I love it. Today, Dave Winer posted a long piece, analyzing some anonymous reporter’s silence on an issue which involves the reporter’s employer, and concluding that the guy doesn’t qualify to be called a journalist as a result of his silence. Not eight hours later, though, Dave had to issue a retraction to another big chunk of the piece — it turned out that quite a few of his facts were poorly-researched and totally false.

Now, which quality would you say is a necessary part of the definition of a journalist: the willingness to report on one’s employer, or the willingness to research the facts that one proffers as truth to his readers? I can’t imagine many people will have a difficult time answering this one.

Of course, this all is coming from someone who believes that the essence of journalistic integrity is “never [stating] as fact something you know not to be true.” Note the wording — it’s not “always state that which you know to be true,” but instead, the reverse. By this logic, I can pen an article that accuses the government of orchestrating the events of 9/11, and since I don’t know it not to be true, my journalistic integrity remains intact. It’s really a fascinatingly self-serving way to look at things, and it serves to explain a lot.

Comments

he also forgot to mention that the change in systems handling dan’s weblog involved switching away from manila (his own company’s product). so much for full disclosure.

• Posted by: jim winstead on Jun 6, 2002, 9:35 PM

What I’m at a loss to understand is why he went to all the trouble of hiding Dan Gillmor behind a mysterious “Mr. X” and then he identifies Dan at the bottom of the piece. Was the postscript added as a later addendum? It’s not like regular readers couldn’t figure it out instantly, but still. Weird.

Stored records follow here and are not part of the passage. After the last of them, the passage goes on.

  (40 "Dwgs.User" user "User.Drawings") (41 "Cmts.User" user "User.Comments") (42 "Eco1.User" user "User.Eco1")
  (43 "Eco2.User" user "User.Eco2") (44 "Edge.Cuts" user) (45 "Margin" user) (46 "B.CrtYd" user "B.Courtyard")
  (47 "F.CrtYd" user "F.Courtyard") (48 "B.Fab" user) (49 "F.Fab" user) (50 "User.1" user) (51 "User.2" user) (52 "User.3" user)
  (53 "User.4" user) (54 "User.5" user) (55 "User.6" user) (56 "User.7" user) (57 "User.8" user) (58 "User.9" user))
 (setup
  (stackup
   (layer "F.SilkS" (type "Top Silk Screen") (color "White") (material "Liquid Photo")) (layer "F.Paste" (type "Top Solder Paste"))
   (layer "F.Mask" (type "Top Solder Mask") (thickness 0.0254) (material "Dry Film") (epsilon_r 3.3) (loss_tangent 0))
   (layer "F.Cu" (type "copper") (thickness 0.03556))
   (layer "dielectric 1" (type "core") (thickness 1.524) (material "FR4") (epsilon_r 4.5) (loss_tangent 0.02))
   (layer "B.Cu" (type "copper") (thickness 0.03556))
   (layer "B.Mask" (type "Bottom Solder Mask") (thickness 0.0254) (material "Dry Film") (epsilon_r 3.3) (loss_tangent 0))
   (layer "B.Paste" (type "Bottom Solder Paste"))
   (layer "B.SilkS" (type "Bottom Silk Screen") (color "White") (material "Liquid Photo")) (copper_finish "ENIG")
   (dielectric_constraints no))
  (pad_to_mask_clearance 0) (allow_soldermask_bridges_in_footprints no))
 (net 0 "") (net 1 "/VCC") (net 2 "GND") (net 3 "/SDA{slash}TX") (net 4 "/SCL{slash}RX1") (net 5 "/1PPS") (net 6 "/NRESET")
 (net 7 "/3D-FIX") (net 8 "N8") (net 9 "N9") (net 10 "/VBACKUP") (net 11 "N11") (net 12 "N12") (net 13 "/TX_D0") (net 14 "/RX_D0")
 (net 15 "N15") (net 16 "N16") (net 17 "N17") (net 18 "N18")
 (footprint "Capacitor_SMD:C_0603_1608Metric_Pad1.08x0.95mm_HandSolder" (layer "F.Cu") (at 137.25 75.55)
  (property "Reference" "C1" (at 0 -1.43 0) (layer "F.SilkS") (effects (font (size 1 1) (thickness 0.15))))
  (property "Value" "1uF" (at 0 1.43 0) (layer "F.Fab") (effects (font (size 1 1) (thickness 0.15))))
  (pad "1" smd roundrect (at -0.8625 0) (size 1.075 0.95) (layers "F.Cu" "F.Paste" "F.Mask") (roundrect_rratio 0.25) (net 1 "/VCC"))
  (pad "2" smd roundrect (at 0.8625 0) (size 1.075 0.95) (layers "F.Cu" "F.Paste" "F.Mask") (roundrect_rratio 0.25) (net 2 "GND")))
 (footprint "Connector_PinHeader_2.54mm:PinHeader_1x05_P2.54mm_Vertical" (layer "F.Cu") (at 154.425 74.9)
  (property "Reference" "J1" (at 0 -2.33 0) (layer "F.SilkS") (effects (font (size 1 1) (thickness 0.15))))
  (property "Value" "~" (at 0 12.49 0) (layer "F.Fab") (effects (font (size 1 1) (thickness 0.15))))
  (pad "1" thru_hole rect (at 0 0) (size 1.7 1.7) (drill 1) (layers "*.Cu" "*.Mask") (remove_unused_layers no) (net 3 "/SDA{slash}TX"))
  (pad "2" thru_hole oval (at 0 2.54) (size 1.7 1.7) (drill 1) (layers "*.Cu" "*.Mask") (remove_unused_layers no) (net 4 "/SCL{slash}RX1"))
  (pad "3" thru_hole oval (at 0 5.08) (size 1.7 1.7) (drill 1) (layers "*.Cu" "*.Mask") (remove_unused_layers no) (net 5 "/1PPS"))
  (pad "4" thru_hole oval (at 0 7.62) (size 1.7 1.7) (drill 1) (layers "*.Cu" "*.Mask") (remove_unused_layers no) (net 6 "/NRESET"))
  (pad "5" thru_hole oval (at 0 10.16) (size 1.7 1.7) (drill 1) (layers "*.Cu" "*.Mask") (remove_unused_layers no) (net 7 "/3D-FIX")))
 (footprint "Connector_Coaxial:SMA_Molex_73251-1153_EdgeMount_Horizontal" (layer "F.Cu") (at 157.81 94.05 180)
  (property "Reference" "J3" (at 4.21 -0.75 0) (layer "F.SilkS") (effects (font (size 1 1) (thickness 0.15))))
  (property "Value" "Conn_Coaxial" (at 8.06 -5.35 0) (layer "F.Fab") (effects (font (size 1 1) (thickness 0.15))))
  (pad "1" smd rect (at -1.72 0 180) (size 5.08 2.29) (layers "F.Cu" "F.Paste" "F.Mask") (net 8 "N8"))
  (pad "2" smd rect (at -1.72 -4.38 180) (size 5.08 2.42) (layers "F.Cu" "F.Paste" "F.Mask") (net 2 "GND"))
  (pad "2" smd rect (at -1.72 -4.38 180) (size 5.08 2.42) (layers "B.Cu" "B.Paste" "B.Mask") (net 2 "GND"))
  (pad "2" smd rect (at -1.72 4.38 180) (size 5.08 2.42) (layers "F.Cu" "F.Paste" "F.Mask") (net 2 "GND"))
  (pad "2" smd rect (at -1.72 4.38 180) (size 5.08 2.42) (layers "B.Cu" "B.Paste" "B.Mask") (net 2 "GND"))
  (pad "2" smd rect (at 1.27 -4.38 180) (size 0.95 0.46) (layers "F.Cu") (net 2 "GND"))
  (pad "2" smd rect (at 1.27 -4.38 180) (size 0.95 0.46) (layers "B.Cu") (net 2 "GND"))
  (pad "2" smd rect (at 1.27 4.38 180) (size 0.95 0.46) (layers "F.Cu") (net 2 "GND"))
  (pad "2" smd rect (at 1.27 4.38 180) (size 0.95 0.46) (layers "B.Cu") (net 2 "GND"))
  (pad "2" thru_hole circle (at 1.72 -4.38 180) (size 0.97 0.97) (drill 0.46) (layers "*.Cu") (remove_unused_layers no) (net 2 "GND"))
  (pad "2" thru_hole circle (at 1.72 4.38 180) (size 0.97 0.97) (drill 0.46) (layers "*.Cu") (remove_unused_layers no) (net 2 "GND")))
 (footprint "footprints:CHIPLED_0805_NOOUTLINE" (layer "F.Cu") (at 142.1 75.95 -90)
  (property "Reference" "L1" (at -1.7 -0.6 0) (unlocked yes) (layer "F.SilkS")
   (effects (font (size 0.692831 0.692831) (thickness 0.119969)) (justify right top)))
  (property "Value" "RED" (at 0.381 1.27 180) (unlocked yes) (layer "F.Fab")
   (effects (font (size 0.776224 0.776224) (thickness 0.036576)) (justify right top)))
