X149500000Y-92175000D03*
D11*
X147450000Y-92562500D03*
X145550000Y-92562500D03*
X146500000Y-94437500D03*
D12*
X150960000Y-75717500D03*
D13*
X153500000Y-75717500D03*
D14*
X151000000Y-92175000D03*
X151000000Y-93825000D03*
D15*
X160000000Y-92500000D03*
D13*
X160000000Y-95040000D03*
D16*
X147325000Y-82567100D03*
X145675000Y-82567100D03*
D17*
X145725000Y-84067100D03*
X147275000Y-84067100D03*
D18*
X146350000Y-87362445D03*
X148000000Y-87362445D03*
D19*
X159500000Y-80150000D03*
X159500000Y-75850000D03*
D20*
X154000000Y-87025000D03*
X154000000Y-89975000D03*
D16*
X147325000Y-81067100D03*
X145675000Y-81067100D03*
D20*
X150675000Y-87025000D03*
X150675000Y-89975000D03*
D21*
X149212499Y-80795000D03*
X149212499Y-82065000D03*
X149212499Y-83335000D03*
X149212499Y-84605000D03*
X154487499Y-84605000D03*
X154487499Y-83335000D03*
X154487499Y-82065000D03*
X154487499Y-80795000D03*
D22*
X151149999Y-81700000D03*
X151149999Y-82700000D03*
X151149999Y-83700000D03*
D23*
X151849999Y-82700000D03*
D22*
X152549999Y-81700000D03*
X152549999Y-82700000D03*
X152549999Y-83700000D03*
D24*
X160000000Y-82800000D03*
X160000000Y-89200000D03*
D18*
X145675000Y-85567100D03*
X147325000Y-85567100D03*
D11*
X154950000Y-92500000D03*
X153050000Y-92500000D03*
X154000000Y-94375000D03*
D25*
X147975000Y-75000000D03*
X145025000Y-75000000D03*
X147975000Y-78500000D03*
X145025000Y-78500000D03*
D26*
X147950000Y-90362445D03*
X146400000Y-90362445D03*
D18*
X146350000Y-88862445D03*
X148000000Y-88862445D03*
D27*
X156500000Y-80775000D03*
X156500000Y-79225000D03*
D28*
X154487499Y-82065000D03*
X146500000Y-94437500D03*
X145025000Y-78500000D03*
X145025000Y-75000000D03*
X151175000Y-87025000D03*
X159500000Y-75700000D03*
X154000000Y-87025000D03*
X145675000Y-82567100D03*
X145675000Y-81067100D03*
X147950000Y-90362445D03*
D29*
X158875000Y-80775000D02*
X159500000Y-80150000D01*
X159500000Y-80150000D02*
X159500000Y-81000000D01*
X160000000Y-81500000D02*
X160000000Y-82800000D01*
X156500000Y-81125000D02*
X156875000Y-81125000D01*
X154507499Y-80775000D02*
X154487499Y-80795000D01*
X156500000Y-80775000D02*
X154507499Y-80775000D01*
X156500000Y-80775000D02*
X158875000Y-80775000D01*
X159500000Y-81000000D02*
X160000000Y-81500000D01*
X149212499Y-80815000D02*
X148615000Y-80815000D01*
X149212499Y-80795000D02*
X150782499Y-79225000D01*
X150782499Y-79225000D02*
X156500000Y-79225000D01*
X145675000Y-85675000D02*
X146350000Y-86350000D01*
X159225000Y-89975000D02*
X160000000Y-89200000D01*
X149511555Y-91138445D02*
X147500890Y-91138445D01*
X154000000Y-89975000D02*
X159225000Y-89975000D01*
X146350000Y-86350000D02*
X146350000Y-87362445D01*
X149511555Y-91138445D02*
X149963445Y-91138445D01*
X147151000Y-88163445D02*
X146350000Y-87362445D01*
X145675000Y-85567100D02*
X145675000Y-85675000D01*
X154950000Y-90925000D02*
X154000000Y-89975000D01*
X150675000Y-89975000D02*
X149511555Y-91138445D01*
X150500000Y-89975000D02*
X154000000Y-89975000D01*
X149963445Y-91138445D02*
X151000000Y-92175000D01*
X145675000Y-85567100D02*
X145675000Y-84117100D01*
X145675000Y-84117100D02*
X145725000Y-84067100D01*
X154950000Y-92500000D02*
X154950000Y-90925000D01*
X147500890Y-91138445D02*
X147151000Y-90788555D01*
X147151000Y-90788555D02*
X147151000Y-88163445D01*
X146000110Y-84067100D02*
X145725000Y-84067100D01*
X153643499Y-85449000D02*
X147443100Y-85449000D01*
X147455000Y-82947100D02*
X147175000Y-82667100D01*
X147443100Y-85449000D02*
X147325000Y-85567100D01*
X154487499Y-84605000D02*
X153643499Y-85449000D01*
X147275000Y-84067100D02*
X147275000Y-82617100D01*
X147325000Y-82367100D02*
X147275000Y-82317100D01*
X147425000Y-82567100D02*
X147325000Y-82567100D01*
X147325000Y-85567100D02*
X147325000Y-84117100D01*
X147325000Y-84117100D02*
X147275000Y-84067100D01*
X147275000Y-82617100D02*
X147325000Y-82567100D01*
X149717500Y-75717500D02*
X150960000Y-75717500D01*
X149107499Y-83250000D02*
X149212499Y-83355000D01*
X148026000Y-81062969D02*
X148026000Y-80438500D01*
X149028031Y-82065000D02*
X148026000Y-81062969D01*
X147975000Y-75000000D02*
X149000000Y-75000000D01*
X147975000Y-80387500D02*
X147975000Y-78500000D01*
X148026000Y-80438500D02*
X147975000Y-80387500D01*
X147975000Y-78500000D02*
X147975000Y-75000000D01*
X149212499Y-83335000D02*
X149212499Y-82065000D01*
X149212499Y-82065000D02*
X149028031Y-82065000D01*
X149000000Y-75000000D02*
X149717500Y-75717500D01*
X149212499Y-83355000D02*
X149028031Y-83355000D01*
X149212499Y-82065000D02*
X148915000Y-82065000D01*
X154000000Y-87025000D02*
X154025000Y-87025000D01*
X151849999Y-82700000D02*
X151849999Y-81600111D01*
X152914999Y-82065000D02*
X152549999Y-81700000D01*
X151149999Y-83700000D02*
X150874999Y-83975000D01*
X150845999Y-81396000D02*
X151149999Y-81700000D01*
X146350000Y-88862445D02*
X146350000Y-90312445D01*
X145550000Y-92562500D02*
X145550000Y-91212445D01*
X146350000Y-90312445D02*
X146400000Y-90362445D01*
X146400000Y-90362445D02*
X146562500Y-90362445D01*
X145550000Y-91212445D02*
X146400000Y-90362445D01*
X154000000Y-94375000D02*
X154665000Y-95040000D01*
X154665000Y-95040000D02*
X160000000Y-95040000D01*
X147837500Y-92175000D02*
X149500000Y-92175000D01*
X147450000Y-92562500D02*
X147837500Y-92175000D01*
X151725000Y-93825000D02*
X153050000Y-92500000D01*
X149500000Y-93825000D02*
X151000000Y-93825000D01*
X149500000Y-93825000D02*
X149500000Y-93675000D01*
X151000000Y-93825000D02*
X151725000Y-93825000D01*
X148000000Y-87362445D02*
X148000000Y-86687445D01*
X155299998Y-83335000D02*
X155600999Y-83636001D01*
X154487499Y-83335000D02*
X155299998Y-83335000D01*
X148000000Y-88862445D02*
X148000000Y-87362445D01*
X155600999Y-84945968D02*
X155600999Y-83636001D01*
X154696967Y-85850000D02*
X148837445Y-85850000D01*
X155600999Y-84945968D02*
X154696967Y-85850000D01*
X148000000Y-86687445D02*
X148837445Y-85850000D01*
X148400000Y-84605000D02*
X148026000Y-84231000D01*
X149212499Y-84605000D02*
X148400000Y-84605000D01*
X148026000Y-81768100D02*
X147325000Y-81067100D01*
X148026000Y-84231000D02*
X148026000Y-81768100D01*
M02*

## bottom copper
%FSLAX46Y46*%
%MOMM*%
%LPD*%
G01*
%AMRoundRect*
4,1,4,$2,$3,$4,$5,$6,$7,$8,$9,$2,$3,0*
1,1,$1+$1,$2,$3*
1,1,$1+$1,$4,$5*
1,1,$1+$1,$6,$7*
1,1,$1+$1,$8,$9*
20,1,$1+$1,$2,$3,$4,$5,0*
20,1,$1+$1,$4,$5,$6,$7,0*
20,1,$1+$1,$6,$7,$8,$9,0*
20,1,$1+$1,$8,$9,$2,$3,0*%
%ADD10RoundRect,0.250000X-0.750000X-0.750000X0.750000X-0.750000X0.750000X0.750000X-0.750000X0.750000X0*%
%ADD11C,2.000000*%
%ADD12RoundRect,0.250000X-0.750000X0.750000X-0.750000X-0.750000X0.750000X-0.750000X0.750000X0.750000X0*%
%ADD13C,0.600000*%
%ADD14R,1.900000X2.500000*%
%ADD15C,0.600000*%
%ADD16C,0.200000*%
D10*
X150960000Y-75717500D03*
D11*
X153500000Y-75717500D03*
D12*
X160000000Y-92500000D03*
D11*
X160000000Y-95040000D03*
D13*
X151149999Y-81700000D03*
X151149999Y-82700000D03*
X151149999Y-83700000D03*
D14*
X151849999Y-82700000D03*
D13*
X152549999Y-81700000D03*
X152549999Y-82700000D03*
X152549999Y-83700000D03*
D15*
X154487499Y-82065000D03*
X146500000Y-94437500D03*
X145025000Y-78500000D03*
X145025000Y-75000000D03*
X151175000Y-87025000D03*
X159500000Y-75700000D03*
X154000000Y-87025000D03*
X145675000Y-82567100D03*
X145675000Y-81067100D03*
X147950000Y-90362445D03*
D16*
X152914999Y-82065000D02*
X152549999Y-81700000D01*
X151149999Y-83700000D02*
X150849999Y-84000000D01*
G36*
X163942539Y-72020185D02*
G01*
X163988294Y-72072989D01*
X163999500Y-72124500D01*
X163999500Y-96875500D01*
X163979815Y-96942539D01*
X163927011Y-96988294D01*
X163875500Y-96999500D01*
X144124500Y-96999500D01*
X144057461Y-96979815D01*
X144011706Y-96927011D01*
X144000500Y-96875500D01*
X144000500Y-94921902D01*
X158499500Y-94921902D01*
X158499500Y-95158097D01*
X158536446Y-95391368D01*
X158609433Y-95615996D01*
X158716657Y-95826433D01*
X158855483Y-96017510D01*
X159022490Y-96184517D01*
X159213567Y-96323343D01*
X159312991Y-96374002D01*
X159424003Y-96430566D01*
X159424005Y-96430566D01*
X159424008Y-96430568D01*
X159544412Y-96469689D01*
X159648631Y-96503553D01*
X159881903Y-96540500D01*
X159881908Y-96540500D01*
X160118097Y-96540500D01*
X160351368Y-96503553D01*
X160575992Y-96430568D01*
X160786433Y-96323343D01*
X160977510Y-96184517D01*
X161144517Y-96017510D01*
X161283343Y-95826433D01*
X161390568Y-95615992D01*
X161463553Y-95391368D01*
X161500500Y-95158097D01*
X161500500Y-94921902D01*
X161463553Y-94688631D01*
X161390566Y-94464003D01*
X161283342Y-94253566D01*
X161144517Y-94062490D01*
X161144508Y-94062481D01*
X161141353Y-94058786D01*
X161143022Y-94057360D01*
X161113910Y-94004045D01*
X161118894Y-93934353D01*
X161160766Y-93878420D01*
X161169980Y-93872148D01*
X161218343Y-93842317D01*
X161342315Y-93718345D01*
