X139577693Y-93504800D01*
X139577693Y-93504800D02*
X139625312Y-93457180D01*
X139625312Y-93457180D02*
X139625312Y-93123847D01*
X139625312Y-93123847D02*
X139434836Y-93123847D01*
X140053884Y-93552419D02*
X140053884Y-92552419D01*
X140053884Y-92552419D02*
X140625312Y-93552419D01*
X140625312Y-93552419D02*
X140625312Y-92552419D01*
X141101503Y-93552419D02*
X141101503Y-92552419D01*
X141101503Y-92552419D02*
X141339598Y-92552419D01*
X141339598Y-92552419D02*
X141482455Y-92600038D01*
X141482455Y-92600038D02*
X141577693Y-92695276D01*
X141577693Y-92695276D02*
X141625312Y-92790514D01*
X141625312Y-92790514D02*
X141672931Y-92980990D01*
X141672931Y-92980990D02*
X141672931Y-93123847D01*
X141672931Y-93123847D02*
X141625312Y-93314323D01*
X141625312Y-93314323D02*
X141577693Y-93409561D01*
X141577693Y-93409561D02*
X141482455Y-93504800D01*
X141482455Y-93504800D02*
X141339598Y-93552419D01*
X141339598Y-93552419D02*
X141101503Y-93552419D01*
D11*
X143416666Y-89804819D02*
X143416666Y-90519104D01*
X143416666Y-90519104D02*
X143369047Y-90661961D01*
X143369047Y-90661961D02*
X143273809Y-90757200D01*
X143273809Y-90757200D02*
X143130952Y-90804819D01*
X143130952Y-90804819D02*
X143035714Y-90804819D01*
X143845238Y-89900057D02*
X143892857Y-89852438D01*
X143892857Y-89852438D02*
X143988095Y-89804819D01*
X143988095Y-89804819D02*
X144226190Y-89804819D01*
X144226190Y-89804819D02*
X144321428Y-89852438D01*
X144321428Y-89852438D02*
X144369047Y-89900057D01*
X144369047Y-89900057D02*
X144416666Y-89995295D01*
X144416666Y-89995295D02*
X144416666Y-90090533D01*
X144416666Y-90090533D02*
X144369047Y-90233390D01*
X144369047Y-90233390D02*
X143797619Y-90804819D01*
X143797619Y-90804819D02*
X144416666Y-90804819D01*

• Posted by: Mark Morgan on Jun 6, 2002, 9:56 PM

The postscript was always a part of the piece, or at least it was part of it when it got mailed out to DaveNet subscribers. I agree, it’s weird.

• Posted by: Jason Levine on Jun 6, 2002, 10:00 PM

C’mon, this is straight-forward Dave Winer behavior. He’s still secretly pissed off that Dan Gillmor’s column is no longer associated with Manila. This has more to do with Dave being offended that someone has chosen not to use his software than it does with “journalistic integrity” of any sort. Read between the lines. This is quintessential Winer.

• Posted by: Damien Barrett on Jun 7, 2002, 8:34 PM

I read it as more than that. I think this was another phase of his basic war on modern journalism. First, assert that weblogs are good journalism. Then, when journalists point out that there are no integrity checks on weblogs send an e-mail to a huge pool of subscibers publicly humilating a (perhaps now former) friend and try to show that journalists have no integrity. Therefore, only trust webloggers as the new journalists. I think the journalists will respond, and he will respond, ad infinitum, trying to prove that weblogs are the new journalism. Or at least that weblogs are as much journalism as that which runs past an editorial process.

But I Could Be Wrong (TM)

• Posted by: Mark Morgan on Jun 7, 2002, 9:04 PM

If only he had come out and disclosed HIS biases (e.g. re dropping Manila), which is something he professes to be able to do and has done on other occasions, it would have been a useful tweak regarding the “breaking the Web” meme.

Instead, it’s classic Dave® burning a friendship (possibly) over a fairly minor issue that is used as a proxy for something he obviously has other reasons to feel deeply about.

Passive aggressive Dave is back. Did he ever leave?